(Saved data entries)

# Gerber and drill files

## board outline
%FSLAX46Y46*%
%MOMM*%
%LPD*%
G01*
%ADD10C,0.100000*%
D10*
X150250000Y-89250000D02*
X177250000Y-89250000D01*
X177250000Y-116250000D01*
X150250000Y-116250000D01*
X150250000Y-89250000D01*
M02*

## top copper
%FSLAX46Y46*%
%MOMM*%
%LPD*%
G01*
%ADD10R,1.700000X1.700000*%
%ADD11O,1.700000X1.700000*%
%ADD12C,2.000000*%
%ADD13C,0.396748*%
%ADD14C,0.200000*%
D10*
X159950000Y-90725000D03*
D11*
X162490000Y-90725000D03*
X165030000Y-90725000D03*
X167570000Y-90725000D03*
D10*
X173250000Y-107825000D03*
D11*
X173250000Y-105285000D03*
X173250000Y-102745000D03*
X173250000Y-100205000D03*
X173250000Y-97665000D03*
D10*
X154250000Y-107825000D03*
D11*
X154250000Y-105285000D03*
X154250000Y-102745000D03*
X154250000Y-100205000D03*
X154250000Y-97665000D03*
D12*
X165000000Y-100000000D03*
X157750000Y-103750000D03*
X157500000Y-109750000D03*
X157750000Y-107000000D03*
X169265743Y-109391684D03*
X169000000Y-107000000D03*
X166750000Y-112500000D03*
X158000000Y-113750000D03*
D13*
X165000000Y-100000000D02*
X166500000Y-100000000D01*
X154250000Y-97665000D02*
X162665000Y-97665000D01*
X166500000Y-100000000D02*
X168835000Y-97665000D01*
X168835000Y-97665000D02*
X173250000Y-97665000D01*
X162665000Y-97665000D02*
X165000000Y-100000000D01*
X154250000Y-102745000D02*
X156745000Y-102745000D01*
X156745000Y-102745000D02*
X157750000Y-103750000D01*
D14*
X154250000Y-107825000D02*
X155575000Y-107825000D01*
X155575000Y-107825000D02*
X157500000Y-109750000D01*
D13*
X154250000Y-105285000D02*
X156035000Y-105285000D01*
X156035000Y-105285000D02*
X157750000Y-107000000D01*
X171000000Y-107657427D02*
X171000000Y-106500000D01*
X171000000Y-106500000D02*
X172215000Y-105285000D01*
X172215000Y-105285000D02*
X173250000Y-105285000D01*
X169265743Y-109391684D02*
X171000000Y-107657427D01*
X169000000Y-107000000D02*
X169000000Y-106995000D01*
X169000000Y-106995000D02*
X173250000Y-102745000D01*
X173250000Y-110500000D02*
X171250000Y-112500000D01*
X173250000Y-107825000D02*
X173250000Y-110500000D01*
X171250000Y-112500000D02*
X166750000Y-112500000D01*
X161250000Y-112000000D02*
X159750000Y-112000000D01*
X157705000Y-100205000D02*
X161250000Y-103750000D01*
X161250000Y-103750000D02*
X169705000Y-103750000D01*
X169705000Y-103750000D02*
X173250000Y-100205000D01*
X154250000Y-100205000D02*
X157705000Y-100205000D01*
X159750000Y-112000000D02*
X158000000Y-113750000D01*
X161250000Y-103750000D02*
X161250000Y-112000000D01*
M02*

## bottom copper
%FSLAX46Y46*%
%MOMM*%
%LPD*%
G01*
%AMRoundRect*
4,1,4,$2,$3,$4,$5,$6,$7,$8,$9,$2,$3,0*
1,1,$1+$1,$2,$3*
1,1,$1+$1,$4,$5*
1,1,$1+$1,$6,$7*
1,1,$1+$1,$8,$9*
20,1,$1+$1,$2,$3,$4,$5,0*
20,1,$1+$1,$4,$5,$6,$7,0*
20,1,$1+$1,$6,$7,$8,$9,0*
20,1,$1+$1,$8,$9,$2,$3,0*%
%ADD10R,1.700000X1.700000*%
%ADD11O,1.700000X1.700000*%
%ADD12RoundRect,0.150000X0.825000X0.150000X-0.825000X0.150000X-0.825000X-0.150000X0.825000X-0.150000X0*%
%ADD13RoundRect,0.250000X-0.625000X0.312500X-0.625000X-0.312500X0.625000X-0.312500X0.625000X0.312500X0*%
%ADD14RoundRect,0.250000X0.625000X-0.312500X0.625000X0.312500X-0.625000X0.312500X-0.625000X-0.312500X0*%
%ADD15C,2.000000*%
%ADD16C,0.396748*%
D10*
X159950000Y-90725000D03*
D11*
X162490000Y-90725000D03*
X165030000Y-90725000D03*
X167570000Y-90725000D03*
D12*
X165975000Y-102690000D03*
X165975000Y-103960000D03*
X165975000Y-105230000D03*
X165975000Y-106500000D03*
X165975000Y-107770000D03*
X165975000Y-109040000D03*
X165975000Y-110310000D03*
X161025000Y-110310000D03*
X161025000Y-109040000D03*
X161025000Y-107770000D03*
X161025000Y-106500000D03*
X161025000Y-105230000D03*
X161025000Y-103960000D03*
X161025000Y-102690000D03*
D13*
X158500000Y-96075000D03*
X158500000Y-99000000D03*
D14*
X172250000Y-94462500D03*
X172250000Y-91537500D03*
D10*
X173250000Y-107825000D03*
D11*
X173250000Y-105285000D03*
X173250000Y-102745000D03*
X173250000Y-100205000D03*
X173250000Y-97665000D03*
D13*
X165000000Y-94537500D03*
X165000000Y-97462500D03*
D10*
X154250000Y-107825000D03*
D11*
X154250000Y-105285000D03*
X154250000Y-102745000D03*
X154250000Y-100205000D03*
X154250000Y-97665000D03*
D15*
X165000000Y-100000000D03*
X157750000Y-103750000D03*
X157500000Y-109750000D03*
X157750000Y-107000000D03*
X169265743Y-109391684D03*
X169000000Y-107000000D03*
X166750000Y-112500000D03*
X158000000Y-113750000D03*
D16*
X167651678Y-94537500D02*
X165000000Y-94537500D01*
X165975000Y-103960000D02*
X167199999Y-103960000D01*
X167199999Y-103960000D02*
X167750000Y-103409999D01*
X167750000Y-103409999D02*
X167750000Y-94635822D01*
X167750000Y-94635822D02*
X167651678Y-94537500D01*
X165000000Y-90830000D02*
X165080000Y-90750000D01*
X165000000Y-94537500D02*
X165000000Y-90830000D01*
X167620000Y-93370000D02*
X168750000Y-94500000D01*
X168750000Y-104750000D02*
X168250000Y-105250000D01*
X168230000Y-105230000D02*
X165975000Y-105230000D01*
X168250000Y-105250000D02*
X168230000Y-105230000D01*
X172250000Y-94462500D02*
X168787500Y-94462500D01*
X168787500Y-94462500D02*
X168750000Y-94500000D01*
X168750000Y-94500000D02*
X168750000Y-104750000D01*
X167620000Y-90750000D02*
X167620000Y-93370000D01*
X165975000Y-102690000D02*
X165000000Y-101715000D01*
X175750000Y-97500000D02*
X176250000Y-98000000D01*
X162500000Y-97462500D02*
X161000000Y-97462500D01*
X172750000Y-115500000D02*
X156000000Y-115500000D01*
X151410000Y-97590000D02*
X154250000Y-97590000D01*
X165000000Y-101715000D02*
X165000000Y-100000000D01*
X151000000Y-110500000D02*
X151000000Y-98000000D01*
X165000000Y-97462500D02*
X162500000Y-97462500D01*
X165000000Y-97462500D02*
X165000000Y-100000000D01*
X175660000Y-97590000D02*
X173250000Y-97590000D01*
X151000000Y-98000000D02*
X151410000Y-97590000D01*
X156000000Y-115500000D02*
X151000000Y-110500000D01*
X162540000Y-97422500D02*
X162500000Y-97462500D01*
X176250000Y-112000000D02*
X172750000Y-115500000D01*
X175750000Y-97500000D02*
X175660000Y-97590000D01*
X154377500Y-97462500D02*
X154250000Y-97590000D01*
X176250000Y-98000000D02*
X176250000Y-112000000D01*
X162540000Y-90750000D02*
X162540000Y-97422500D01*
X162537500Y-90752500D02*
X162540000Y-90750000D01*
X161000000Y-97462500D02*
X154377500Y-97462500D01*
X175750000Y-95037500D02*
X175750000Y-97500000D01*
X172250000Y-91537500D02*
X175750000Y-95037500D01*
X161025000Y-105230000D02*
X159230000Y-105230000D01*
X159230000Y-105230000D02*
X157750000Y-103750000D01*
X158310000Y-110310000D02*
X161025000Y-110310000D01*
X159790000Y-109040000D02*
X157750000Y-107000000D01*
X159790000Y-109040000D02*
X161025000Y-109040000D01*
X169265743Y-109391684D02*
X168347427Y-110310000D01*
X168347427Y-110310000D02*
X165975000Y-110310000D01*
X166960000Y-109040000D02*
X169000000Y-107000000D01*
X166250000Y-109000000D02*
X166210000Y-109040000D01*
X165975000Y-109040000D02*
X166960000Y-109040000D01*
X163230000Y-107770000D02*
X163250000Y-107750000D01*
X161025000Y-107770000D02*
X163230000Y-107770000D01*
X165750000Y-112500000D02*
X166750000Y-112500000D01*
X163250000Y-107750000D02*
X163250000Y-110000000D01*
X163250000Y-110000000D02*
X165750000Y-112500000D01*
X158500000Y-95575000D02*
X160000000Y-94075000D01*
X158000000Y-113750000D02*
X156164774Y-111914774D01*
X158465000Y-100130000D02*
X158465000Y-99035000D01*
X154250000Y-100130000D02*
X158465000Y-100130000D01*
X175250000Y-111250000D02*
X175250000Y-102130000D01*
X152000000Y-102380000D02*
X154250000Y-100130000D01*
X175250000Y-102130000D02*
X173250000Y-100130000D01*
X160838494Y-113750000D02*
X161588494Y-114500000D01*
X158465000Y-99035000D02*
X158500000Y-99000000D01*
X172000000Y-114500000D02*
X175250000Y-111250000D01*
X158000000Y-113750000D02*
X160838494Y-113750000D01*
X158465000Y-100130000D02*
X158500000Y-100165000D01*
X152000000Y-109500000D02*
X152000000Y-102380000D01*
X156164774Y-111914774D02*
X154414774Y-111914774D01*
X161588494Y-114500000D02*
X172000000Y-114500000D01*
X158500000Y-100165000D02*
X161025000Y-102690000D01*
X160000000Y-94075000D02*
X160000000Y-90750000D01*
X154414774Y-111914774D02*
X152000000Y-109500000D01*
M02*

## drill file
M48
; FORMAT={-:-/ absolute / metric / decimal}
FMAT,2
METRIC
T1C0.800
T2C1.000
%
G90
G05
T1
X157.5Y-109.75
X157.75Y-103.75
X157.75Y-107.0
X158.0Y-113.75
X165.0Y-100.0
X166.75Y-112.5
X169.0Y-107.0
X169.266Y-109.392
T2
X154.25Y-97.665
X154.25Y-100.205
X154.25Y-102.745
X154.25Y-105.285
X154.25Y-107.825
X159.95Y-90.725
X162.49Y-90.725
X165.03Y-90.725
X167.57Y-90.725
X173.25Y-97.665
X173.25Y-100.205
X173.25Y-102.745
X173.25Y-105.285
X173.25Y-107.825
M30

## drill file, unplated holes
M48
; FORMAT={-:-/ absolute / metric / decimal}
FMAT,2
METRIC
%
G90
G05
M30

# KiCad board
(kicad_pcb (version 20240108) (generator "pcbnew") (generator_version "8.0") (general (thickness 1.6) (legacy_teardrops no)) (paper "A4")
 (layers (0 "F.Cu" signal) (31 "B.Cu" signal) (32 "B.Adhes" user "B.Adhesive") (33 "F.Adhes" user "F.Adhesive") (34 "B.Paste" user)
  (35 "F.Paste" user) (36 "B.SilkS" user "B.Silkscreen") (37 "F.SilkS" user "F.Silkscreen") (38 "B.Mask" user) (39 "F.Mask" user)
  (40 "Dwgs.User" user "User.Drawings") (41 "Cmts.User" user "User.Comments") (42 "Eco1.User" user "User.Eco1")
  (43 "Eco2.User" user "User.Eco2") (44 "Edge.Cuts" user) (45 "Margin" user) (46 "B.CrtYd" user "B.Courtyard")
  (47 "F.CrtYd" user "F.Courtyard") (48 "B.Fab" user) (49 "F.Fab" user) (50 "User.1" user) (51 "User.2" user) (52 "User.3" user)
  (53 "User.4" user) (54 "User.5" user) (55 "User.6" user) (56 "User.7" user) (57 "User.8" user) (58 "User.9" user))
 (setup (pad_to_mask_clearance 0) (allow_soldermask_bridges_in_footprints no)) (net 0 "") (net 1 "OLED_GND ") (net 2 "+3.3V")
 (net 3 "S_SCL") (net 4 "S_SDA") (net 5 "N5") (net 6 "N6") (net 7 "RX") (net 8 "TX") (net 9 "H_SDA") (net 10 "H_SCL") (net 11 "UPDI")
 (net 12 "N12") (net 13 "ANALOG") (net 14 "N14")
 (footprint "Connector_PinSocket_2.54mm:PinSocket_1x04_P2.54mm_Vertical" (layer "F.Cu") (at 159.95 90.725 90)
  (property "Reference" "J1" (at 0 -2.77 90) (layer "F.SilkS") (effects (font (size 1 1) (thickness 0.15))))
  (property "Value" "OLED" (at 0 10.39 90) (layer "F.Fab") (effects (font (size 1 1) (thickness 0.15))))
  (pad "1" thru_hole rect (at 0 0 90) (size 1.7 1.7) (drill 1) (layers "*.Cu" "*.Mask") (remove_unused_layers no) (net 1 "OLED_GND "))
  (pad "2" thru_hole oval (at 0 2.54 90) (size 1.7 1.7) (drill 1) (layers "*.Cu" "*.Mask") (remove_unused_layers no) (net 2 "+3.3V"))
  (pad "3" thru_hole oval (at 0 5.08 90) (size 1.7 1.7) (drill 1) (layers "*.Cu" "*.Mask") (remove_unused_layers no) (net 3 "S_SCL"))
  (pad "4" thru_hole oval (at 0 7.62 90) (size 1.7 1.7) (drill 1) (layers "*.Cu" "*.Mask") (remove_unused_layers no) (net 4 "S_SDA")))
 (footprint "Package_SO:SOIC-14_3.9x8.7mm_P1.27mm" (layer "B.Cu") (at 163.5 106.5 180)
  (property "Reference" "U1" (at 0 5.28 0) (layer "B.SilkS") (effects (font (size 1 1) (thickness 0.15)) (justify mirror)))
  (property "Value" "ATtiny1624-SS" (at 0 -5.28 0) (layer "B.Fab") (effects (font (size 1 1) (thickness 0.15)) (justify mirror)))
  (pad "1" smd roundrect (at -2.475 3.81 180) (size 1.95 0.6) (layers "B.Cu" "B.Paste" "B.Mask") (roundrect_rratio 0.25) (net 2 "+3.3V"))
  (pad "2" smd roundrect (at -2.475 2.54 180) (size 1.95 0.6) (layers "B.Cu" "B.Paste" "B.Mask") (roundrect_rratio 0.25) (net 3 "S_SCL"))
  (pad "3" smd roundrect (at -2.475 1.27 180) (size 1.95 0.6) (layers "B.Cu" "B.Paste" "B.Mask") (roundrect_rratio 0.25) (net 4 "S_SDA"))
  (pad "4" smd roundrect (at -2.475 0 180) (size 1.95 0.6) (layers "B.Cu" "B.Paste" "B.Mask") (roundrect_rratio 0.25) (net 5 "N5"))
  (pad "5" smd roundrect (at -2.475 -1.27 180) (size 1.95 0.6) (layers "B.Cu" "B.Paste" "B.Mask") (roundrect_rratio 0.25) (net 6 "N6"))
  (pad "6" smd roundrect (at -2.475 -2.54 180) (size 1.95 0.6) (layers "B.Cu" "B.Paste" "B.Mask") (roundrect_rratio 0.25) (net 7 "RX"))
  (pad "7" smd roundrect (at -2.475 -3.81 180) (size 1.95 0.6) (layers "B.Cu" "B.Paste" "B.Mask") (roundrect_rratio 0.25) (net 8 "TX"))
  (pad "8" smd roundrect (at 2.475 -3.81 180) (size 1.95 0.6) (layers "B.Cu" "B.Paste" "B.Mask") (roundrect_rratio 0.25) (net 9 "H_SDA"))
  (pad "9" smd roundrect (at 2.475 -2.54 180) (size 1.95 0.6) (layers "B.Cu" "B.Paste" "B.Mask") (roundrect_rratio 0.25) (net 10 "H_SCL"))
  (pad "10" smd roundrect (at 2.475 -1.27 180) (size 1.95 0.6) (layers "B.Cu" "B.Paste" "B.Mask") (roundrect_rratio 0.25) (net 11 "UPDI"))
  (pad "11" smd roundrect (at 2.475 0 180) (size 1.95 0.6) (layers "B.Cu" "B.Paste" "B.Mask") (roundrect_rratio 0.25) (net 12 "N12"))
  (pad "12" smd roundrect (at 2.475 1.27 180) (size 1.95 0.6) (layers "B.Cu" "B.Paste" "B.Mask") (roundrect_rratio 0.25) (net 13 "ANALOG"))
  (pad "13" smd roundrect (at 2.475 2.54 180) (size 1.95 0.6) (layers "B.Cu" "B.Paste" "B.Mask") (roundrect_rratio 0.25) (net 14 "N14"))
  (pad "14" smd roundrect (at 2.475 3.81 180) (size 1.95 0.6) (layers "B.Cu" "B.Paste" "B.Mask") (roundrect_rratio 0.25) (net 1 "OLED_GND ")))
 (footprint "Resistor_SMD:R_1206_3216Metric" (layer "B.Cu") (at 158.5 97.5375 -90)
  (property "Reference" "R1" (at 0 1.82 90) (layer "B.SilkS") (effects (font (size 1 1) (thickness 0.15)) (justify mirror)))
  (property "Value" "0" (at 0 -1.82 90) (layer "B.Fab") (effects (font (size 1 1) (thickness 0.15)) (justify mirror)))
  (pad "1" smd roundrect (at -1.4625 0 270) (size 1.125 1.75) (layers "B.Cu" "B.Paste" "B.Mask") (roundrect_rratio 0.222222)
   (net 1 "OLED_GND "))
  (pad "2" smd roundrect (at 1.4625 0 270) (size 1.125 1.75) (layers "B.Cu" "B.Paste" "B.Mask") (roundrect_rratio 0.222222)
   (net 1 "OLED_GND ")))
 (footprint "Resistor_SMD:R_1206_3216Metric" (layer "B.Cu") (at 172.25 93 90)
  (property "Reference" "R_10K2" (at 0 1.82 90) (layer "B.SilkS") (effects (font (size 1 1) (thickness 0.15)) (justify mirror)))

* What you should do: From the line holding "X154250000Y-102745000D02*" to the line holding "1,1,$1+$1,$6,$7*", inclusive, restate each line above exactly as written.

* Result:
X154250000Y-102745000D02*
X156745000Y-102745000D01*
X156745000Y-102745000D02*
X157750000Y-103750000D01*
D14*
X154250000Y-107825000D02*
X155575000Y-107825000D01*
X155575000Y-107825000D02*
X157500000Y-109750000D01*
D13*
X154250000Y-105285000D02*
X156035000Y-105285000D01*
X156035000Y-105285000D02*
X157750000Y-107000000D01*
X171000000Y-107657427D02*
X171000000Y-106500000D01*
X171000000Y-106500000D02*
X172215000Y-105285000D01*
X172215000Y-105285000D02*
X173250000Y-105285000D01*
X169265743Y-109391684D02*
X171000000Y-107657427D01*
X169000000Y-107000000D02*
X169000000Y-106995000D01*
X169000000Y-106995000D02*
X173250000Y-102745000D01*
X173250000Y-110500000D02*
X171250000Y-112500000D01*
X173250000Y-107825000D02*
X173250000Y-110500000D01*
X171250000Y-112500000D02*
X166750000Y-112500000D01*
X161250000Y-112000000D02*
X159750000Y-112000000D01*
X157705000Y-100205000D02*
X161250000Y-103750000D01*
X161250000Y-103750000D02*
X169705000Y-103750000D01*
X169705000Y-103750000D02*
X173250000Y-100205000D01*
X154250000Y-100205000D02*
X157705000Y-100205000D01*
X159750000Y-112000000D02*
X158000000Y-113750000D01*
X161250000Y-103750000D02*
X161250000Y-112000000D01*
M02*

## bottom copper
%FSLAX46Y46*%
%MOMM*%
%LPD*%
G01*
%AMRoundRect*
4,1,4,$2,$3,$4,$5,$6,$7,$8,$9,$2,$3,0*
1,1,$1+$1,$2,$3*
1,1,$1+$1,$4,$5*
1,1,$1+$1,$6,$7*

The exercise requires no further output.